Солонченко решил было обидеться, но, подумав, сказал с неожиданным для него, поистине христианским, смирением:
- Да, я вас понимаю. Вам сейчас трудно и хочется на ком-нибудь злость сорвать. Понимаю и не обижаюсь. Поверьте: моей вины в том, что вы оказались в карцере действительно нет. Мне гораздо приятней допрашивать вас, когда вы в форме, а не такой сонный и промерзший до костей.
Так что и следующий допрос начался с чая и вафель. Тогда я попробовал вывести его из равновесия другим способом:
- Да что вы мне все вафли да печенье... А колбасы и сыра у вас в буфете нет, что ли?
Следователь рассмеялся, развел руками и сказал:
- Ну, Анатолий Борисович, от скромности вы не умрете!
Ни колбасы, ни сыра я от него так и не дождался, зато в какой-то момент Солонченко предложил мне:
- Если хотите, садитесь на диван, там теплее.
Я пересел; пружины мягко подались под моим телом, голова закружилась, и я почувствовал, что полностью теряю контроль над собой. Очередные свидетельские показания, которые читал следователь, доходили до меня как сквозь сон. Я встал, размялся и больше никогда не садился на этот проклятый диван.
В те дни Солонченко еще продолжал свои попытки убедить меня давать показания. Но увидев, что отступать я не намерен, он принял мои условия и согласился зачитать мне протокол допроса Тота о его встречах с парапсихологами Петуховым и Наумовым, философом Зиновьевым, врачом Аксельродом, а также их собственные показания.
Как только он взял в руки протокол допроса Боба, я спросил его:
- От какого числа?
- Вас допрашивали о Тоте тринадцатого июня, а его - четырнадцатого.
Теперь все стало ясно. Вот почему они так спешили тогда получить от меня нужные им показания, вот кому они собирались предъявить "отредактированные" ими тексты допроса, которые я, к счастью, не подписал!
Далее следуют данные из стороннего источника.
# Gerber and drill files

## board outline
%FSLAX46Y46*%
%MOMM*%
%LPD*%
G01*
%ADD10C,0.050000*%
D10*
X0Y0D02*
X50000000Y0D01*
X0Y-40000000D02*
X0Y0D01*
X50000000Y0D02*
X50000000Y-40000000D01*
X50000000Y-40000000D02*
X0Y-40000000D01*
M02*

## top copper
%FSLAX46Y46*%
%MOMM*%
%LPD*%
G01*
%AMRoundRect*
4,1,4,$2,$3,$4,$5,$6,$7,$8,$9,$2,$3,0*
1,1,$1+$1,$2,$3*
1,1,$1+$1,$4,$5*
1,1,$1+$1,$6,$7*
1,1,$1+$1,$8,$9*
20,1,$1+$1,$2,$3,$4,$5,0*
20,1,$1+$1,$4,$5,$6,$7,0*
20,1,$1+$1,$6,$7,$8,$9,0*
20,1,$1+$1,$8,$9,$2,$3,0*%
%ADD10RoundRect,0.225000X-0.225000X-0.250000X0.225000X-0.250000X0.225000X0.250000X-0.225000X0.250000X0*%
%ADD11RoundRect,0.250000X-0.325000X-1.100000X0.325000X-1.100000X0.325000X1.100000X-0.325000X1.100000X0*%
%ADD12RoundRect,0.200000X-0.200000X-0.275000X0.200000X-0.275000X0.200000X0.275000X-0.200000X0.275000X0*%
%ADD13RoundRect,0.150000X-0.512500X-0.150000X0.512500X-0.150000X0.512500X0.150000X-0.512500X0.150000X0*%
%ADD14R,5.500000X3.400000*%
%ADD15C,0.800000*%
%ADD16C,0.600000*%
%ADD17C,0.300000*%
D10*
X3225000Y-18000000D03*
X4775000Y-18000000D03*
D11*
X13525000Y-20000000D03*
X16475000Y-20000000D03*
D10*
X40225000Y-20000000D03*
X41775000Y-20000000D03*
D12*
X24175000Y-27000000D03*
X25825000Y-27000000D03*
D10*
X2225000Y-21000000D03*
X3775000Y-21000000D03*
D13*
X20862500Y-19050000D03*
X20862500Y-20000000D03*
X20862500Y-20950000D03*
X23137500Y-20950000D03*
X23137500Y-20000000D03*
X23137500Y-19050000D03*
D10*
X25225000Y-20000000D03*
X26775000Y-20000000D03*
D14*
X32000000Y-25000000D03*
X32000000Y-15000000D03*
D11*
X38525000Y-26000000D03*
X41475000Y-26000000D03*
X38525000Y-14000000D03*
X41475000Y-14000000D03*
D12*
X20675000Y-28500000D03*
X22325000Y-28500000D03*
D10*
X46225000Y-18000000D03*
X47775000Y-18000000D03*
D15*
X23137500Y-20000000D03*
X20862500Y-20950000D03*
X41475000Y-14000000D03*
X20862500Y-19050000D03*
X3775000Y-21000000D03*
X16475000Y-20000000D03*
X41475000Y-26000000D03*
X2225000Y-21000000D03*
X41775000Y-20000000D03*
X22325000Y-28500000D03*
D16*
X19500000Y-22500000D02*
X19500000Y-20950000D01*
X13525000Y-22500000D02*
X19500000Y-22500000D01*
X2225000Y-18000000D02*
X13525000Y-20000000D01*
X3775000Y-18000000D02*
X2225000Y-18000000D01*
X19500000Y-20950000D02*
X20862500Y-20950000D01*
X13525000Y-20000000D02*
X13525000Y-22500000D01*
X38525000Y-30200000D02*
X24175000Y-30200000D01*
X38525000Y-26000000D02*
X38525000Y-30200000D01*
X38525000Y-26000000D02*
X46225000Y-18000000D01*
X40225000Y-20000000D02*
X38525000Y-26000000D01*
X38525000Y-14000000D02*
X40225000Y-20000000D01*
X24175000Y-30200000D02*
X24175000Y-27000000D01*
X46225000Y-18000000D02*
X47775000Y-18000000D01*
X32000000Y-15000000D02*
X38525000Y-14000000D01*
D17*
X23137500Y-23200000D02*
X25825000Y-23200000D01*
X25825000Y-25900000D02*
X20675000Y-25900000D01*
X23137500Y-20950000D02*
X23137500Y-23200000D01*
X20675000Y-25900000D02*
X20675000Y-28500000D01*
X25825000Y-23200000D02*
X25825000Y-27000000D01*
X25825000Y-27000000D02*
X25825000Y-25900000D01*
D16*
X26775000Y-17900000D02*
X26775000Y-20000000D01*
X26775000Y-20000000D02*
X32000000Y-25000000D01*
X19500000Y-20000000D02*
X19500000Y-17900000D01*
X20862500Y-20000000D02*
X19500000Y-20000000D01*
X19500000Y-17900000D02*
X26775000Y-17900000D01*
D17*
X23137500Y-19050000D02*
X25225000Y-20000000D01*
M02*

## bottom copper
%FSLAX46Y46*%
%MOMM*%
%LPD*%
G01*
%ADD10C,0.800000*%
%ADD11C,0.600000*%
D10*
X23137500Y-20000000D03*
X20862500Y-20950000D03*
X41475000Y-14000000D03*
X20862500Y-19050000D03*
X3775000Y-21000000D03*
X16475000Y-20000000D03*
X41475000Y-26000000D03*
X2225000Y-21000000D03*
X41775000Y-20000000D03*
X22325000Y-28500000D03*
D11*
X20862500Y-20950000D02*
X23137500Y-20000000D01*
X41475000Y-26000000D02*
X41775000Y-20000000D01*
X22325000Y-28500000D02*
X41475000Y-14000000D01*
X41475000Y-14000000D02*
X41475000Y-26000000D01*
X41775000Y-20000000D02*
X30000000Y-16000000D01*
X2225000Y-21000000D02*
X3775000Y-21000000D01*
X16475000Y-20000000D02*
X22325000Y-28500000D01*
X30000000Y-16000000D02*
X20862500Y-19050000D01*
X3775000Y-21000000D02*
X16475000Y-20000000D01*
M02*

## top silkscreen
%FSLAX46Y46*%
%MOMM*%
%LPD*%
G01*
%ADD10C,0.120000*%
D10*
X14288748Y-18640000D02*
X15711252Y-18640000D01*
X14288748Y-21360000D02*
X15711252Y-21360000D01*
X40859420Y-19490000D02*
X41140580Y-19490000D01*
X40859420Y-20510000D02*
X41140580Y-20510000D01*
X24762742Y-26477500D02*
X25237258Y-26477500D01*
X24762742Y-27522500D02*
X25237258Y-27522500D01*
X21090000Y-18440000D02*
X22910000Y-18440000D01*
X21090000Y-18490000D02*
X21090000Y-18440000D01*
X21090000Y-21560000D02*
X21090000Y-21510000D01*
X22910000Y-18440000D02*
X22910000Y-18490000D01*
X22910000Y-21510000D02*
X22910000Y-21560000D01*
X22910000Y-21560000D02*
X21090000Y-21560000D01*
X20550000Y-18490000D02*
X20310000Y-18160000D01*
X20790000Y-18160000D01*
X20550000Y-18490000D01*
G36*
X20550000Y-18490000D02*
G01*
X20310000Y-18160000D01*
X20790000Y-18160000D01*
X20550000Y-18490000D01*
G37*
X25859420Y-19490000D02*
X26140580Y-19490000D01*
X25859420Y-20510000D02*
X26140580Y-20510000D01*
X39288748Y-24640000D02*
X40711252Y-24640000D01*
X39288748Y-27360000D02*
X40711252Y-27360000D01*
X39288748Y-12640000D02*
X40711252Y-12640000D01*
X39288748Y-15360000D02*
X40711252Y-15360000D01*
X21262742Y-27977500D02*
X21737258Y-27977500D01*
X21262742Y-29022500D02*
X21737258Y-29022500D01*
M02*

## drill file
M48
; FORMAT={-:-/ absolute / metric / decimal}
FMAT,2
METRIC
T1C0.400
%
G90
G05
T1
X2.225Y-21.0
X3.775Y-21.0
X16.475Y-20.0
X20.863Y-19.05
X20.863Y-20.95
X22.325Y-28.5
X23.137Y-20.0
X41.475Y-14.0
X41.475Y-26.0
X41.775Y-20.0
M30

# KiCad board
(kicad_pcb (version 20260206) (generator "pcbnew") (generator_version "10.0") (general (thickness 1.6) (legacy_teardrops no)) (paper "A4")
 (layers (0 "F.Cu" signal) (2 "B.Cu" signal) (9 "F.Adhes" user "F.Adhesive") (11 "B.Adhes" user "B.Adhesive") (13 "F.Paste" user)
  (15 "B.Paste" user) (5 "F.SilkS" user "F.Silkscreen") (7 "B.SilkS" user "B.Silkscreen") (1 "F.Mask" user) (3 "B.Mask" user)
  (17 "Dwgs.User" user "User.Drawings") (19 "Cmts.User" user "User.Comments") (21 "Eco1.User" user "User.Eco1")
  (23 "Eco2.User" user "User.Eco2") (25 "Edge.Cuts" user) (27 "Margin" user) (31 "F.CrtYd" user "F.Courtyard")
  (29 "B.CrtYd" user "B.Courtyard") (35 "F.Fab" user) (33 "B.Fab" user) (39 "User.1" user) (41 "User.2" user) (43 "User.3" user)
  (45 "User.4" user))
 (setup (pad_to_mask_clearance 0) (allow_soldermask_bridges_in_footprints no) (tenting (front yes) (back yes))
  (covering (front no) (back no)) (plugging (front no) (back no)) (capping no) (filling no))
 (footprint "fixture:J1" (layer "F.Cu") (at 4 18)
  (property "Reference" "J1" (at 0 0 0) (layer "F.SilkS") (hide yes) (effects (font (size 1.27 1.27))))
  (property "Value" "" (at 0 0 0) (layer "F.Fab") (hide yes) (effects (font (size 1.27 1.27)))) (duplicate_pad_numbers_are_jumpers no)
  (pad "1" smd roundrect (at -0.775 0) (size 0.9 0.95) (layers "F.Cu" "F.Mask" "F.Paste") (roundrect_rratio 0.25) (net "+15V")
   (thermal_bridge_angle 45))
  (pad "2" smd roundrect (at 0.775 0) (size 0.9 0.95) (layers "F.Cu" "F.Mask" "F.Paste") (roundrect_rratio 0.25) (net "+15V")
   (thermal_bridge_angle 45)))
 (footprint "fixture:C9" (layer "F.Cu") (at 15 20)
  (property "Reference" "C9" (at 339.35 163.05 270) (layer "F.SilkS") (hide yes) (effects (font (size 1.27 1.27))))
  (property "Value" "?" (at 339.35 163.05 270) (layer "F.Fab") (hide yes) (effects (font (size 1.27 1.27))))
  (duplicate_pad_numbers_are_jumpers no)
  (fp_line (start -0.711252 -1.36) (end 0.711252 -1.36) (stroke (width 0.12) (type solid)) (layer "F.SilkS"))
  (fp_line (start -0.711252 1.36) (end 0.711252 1.36) (stroke (width 0.12) (type solid)) (layer "F.SilkS"))
  (pad "1" smd roundrect (at -1.475 0) (size 1.15 2.7) (layers "F.Cu" "F.Mask" "F.Paste") (roundrect_rratio 0.217391) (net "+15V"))
  (pad "2" smd roundrect (at 1.475 0) (size 1.15 2.7) (layers "F.Cu" "F.Mask" "F.Paste") (roundrect_rratio 0.217391) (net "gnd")))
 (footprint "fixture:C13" (layer "F.Cu") (at 41 20)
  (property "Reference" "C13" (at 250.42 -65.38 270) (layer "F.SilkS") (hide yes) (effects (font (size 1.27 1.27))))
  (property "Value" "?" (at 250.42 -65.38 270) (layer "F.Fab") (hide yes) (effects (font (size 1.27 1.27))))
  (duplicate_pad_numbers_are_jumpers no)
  (fp_line (start -0.14058 -0.51) (end 0.14058 -0.51) (stroke (width 0.12) (type solid)) (layer "F.SilkS"))
  (fp_line (start -0.14058 0.51) (end 0.14058 0.51) (stroke (width 0.12) (type solid)) (layer "F.SilkS"))
  (pad "1" smd roundrect (at -0.775 0) (size 0.9 0.95) (layers "F.Cu" "F.Mask" "F.Paste") (roundrect_rratio 0.25) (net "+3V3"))
  (pad "2" smd roundrect (at 0.775 0) (size 0.9 0.95) (layers "F.Cu" "F.Mask" "F.Paste") (roundrect_rratio 0.25) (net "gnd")))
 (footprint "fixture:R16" (layer "F.Cu") (at 25 27)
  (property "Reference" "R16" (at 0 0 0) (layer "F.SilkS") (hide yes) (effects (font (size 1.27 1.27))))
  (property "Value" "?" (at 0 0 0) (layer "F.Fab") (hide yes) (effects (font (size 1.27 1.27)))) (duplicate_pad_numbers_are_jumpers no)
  (fp_line (start -0.237258 -0.5225) (end 0.237258 -0.5225) (stroke (width 0.12) (type solid)) (layer "F.SilkS"))
  (fp_line (start -0.237258 0.5225) (end 0.237258 0.5225) (stroke (width 0.12) (type solid)) (layer "F.SilkS"))
  (pad "1" smd roundrect (at -0.825 0) (size 0.8 0.95) (layers "F.Cu" "F.Mask" "F.Paste") (roundrect_rratio 0.25) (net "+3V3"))
  (pad "2" smd roundrect (at 0.825 0) (size 0.8 0.95) (layers "F.Cu" "F.Mask" "F.Paste") (roundrect_rratio 0.25) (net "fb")))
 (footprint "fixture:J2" (layer "F.Cu") (at 3 21)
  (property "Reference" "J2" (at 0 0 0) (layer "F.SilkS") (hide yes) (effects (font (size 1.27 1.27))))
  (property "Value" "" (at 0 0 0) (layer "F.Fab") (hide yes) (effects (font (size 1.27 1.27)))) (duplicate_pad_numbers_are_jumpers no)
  (pad "1" smd roundrect (at -0.775 0) (size 0.9 0.95) (layers "F.Cu" "F.Mask" "F.Paste") (roundrect_rratio 0.25) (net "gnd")
   (thermal_bridge_angle 45))
  (pad "2" smd roundrect (at 0.775 0) (size 0.9 0.95) (layers "F.Cu" "F.Mask" "F.Paste") (roundrect_rratio 0.25) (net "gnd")
   (thermal_bridge_angle 45)))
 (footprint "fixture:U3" (layer "F.Cu") (at 22 20)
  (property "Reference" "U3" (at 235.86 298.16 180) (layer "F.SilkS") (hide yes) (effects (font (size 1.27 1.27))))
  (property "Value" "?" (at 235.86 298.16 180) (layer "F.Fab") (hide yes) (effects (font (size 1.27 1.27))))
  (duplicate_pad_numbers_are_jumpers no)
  (fp_line (start -0.91 -1.56) (end 0.91 -1.56) (stroke (width 0.12) (type solid)) (layer "F.SilkS"))
  (fp_line (start -0.91 -1.51) (end -0.91 -1.56) (stroke (width 0.12) (type solid)) (layer "F.SilkS"))
  (fp_line (start -0.91 1.56) (end -0.91 1.51) (stroke (width 0.12) (type solid)) (layer "F.SilkS"))
  (fp_line (start 0.91 -1.56) (end 0.91 -1.51) (stroke (width 0.12) (type solid)) (layer "F.SilkS"))
  (fp_line (start 0.91 1.51) (end 0.91 1.56) (stroke (width 0.12) (type solid)) (layer "F.SilkS"))
  (fp_line (start 0.91 1.56) (end -0.91 1.56) (stroke (width 0.12) (type solid)) (layer "F.SilkS"))
  (fp_poly (pts (xy -1.45 -1.51) (xy -1.69 -1.84) (xy -1.21 -1.84)) (stroke (width 0.12) (type solid)) (fill yes) (layer "F.SilkS"))
  (pad "1" smd roundrect (at -1.1375 -0.95) (size 1.325 0.6) (layers "F.Cu" "F.Mask" "F.Paste") (roundrect_rratio 0.25) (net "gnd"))
  (pad "2" smd roundrect (at -1.1375 0) (size 1.325 0.6) (layers "F.Cu" "F.Mask" "F.Paste") (roundrect_rratio 0.25) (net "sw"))
  (pad "3" smd roundrect (at -1.1375 0.95) (size 1.325 0.6) (layers "F.Cu" "F.Mask" "F.Paste") (roundrect_rratio 0.25) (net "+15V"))
  (pad "4" smd roundrect (at 1.1375 0.95) (size 1.325 0.6) (layers "F.Cu" "F.Mask" "F.Paste") (roundrect_rratio 0.25) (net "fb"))
  (pad "5" smd roundrect (at 1.1375 0) (size 1.325 0.6) (layers "F.Cu" "F.Mask" "F.Paste") (roundrect_rratio 0.25) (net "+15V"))
  (pad "6" smd roundrect (at 1.1375 -0.95) (size 1.325 0.6) (layers "F.Cu" "F.Mask" "F.Paste") (roundrect_rratio 0.25) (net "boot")))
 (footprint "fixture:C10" (layer "F.Cu") (at 26 20)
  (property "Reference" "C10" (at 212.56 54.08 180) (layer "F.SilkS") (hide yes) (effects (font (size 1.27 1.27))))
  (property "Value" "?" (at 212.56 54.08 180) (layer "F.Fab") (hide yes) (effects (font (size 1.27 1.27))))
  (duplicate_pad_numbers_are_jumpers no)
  (fp_line (start -0.14058 -0.51) (end 0.14058 -0.51) (stroke (width 0.12) (type solid)) (layer "F.SilkS"))
  (fp_line (start -0.14058 0.51) (end 0.14058 0.51) (stroke (width 0.12) (type solid)) (layer "F.SilkS"))
  (pad "1" smd roundrect (at -0.775 0) (size 0.9 0.95) (layers "F.Cu" "F.Mask" "F.Paste") (roundrect_rratio 0.25) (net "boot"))
  (pad "2" smd roundrect (at 0.775 0) (size 0.9 0.95) (layers "F.Cu" "F.Mask" "F.Paste") (roundrect_rratio 0.25) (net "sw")))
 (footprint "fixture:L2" (layer "F.Cu") (at 32 20 90)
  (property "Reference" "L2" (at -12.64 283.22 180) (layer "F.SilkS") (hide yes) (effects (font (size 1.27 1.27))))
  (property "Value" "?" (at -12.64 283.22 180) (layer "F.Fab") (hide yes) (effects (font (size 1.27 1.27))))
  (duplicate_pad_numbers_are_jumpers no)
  (pad "1" smd rect (at -5 0 90) (size 3.4 5.5) (layers "F.Cu" "F.Mask" "F.Paste") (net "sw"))
  (pad "2" smd rect (at 5 0 90) (size 3.4 5.5) (layers "F.Cu" "F.Mask" "F.Paste") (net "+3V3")))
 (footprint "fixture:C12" (layer "F.Cu") (at 40 26)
- В качестве кого допрашивается Тот? - попытался я извлечь из следователя максимум информации, положенной мне по закону.
- По вашему делу в качестве свидетеля, - сказал Солонченко, конечно же, легко догадавшись о том, что меня волнует. - Ну а по другим делам -это пусть он сам разбирается со своим следователем, - добавил он насмешливо.
В показаниях Боба нет ничего опасного для меня. Однако, это безусловно его показания, а значит, хоть в чем-то они не блефуют.
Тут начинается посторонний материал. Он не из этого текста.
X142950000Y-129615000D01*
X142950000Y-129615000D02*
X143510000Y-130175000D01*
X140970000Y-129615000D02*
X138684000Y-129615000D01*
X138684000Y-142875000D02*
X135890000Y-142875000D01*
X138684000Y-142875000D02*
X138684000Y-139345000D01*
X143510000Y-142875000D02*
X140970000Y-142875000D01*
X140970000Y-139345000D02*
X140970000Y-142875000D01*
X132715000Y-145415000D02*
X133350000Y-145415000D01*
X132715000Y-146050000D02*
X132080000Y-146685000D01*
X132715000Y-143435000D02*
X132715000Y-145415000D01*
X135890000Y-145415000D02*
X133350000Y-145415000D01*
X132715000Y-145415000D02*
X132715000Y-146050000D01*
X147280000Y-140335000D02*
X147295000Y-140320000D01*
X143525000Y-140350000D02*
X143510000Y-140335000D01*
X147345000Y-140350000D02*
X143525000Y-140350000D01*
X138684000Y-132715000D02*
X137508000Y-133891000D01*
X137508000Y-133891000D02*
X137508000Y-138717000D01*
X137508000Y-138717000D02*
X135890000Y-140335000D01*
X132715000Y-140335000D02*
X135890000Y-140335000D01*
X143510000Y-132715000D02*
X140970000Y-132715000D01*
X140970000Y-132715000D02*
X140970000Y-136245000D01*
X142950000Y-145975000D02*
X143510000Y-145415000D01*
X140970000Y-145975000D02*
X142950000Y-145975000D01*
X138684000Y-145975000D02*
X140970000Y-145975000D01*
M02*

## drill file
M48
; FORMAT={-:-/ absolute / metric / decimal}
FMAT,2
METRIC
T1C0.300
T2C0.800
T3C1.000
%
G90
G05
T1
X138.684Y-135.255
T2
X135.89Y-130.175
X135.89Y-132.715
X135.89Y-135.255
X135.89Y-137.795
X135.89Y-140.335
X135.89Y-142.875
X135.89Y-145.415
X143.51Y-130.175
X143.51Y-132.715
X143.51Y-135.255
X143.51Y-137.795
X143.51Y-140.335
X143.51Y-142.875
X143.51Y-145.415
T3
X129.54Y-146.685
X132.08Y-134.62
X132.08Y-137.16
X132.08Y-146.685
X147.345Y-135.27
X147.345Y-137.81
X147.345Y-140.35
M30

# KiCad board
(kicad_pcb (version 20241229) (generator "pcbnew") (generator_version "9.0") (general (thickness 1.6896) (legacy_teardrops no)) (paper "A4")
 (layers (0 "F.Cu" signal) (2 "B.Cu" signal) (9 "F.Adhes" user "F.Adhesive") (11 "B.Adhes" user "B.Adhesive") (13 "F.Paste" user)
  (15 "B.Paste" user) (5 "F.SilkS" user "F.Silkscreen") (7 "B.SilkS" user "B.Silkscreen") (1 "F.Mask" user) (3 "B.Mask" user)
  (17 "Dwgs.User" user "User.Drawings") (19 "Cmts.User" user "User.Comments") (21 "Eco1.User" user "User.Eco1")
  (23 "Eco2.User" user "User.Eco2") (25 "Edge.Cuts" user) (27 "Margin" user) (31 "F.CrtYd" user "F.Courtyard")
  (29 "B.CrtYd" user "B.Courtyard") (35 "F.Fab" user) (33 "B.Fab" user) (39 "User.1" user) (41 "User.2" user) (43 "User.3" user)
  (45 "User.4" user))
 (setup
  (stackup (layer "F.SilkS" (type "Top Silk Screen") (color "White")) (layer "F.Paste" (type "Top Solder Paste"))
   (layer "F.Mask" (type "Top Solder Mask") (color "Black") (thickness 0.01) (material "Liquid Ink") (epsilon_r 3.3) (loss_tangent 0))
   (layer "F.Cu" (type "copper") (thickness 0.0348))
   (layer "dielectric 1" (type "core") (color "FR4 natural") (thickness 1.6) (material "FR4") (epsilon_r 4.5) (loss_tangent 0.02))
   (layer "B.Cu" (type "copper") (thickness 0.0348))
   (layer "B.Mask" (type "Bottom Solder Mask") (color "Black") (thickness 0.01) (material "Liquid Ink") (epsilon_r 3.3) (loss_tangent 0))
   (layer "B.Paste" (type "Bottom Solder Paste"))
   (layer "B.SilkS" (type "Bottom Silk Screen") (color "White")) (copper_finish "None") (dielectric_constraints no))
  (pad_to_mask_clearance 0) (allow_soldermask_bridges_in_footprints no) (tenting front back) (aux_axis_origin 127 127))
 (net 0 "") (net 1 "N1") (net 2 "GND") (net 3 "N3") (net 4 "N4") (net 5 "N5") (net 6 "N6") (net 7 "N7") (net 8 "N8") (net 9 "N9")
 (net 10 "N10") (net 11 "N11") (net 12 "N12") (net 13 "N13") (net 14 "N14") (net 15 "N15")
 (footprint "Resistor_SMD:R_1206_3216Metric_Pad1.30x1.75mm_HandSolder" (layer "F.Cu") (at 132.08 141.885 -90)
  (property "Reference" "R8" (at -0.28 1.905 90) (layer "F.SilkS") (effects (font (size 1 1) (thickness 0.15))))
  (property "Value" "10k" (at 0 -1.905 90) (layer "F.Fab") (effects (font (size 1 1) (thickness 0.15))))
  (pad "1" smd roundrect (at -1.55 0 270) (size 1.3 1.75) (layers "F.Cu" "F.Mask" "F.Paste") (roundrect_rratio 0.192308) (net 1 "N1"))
Вернувшись в карцер, я часами крутился вокруг пенька, натыкался на стены и переваривал новости; всю ночь я не спал и, трясясь от холода, думал о Бобе.
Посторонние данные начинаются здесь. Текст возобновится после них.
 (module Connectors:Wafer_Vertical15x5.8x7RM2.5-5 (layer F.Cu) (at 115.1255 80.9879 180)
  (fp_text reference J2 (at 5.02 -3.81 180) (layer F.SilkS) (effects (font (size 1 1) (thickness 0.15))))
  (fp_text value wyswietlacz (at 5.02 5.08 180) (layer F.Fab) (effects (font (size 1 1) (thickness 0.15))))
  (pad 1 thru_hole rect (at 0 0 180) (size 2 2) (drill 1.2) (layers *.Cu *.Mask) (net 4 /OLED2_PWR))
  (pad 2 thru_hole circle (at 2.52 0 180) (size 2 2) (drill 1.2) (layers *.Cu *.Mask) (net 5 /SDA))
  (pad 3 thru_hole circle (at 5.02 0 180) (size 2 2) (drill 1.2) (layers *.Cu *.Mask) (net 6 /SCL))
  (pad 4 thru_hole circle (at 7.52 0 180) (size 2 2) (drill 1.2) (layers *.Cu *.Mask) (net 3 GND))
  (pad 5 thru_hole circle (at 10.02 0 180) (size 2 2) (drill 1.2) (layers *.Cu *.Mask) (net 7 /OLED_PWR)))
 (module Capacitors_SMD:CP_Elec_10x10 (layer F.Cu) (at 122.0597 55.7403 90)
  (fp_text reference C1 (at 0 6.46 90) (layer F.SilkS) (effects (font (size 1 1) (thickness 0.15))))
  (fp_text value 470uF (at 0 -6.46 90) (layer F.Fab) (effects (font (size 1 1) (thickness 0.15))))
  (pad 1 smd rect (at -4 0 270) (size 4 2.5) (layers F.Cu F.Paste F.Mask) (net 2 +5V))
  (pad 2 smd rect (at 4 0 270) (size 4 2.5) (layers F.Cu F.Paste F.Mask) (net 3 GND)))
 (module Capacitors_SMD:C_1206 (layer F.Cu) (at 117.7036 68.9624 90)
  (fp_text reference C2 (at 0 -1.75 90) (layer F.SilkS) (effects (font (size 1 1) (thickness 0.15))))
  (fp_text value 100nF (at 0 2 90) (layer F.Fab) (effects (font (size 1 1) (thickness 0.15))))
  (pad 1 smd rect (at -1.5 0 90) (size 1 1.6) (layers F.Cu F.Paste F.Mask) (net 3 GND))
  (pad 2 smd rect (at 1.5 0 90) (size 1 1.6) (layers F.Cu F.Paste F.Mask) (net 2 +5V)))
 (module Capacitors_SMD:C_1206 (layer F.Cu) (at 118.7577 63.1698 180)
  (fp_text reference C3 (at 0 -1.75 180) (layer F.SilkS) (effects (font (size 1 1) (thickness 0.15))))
Мне вспоминалось, как он опубликовал статью о ходе переговоров об ограничении стратегических и наступательных вооружений (ОСВ-2), приведя в ней данные, которые еще не были известны другим журналистам. Те поздравляли его с чувством завистливого восхищения. На мой вопрос: "Как тебе удалось разузнать это?" - он ответил, заговорщицки подмигнув: "Я никогда не сообщаю своих источников информации". Хотя сказано это было шутливо, фраза запомнилась: она была характерна для Боба, на которого всегда можно было положиться. Так почему же он вдруг заговорил - и где? - в КГБ! - о своих беседах с советскими гражданами, называя их имена? Ведь в разговорах этих не было ровным счетом ничего преступного, и он мог спокойно послать следователей подальше, приведя тот же аргумент: я никогда не сообщаю своих источников информации. Боб этого не сделал, а значит, - неужели Солонченко прав? - там, на воле, в большой зоне, что-то изменилось, что-то произошло.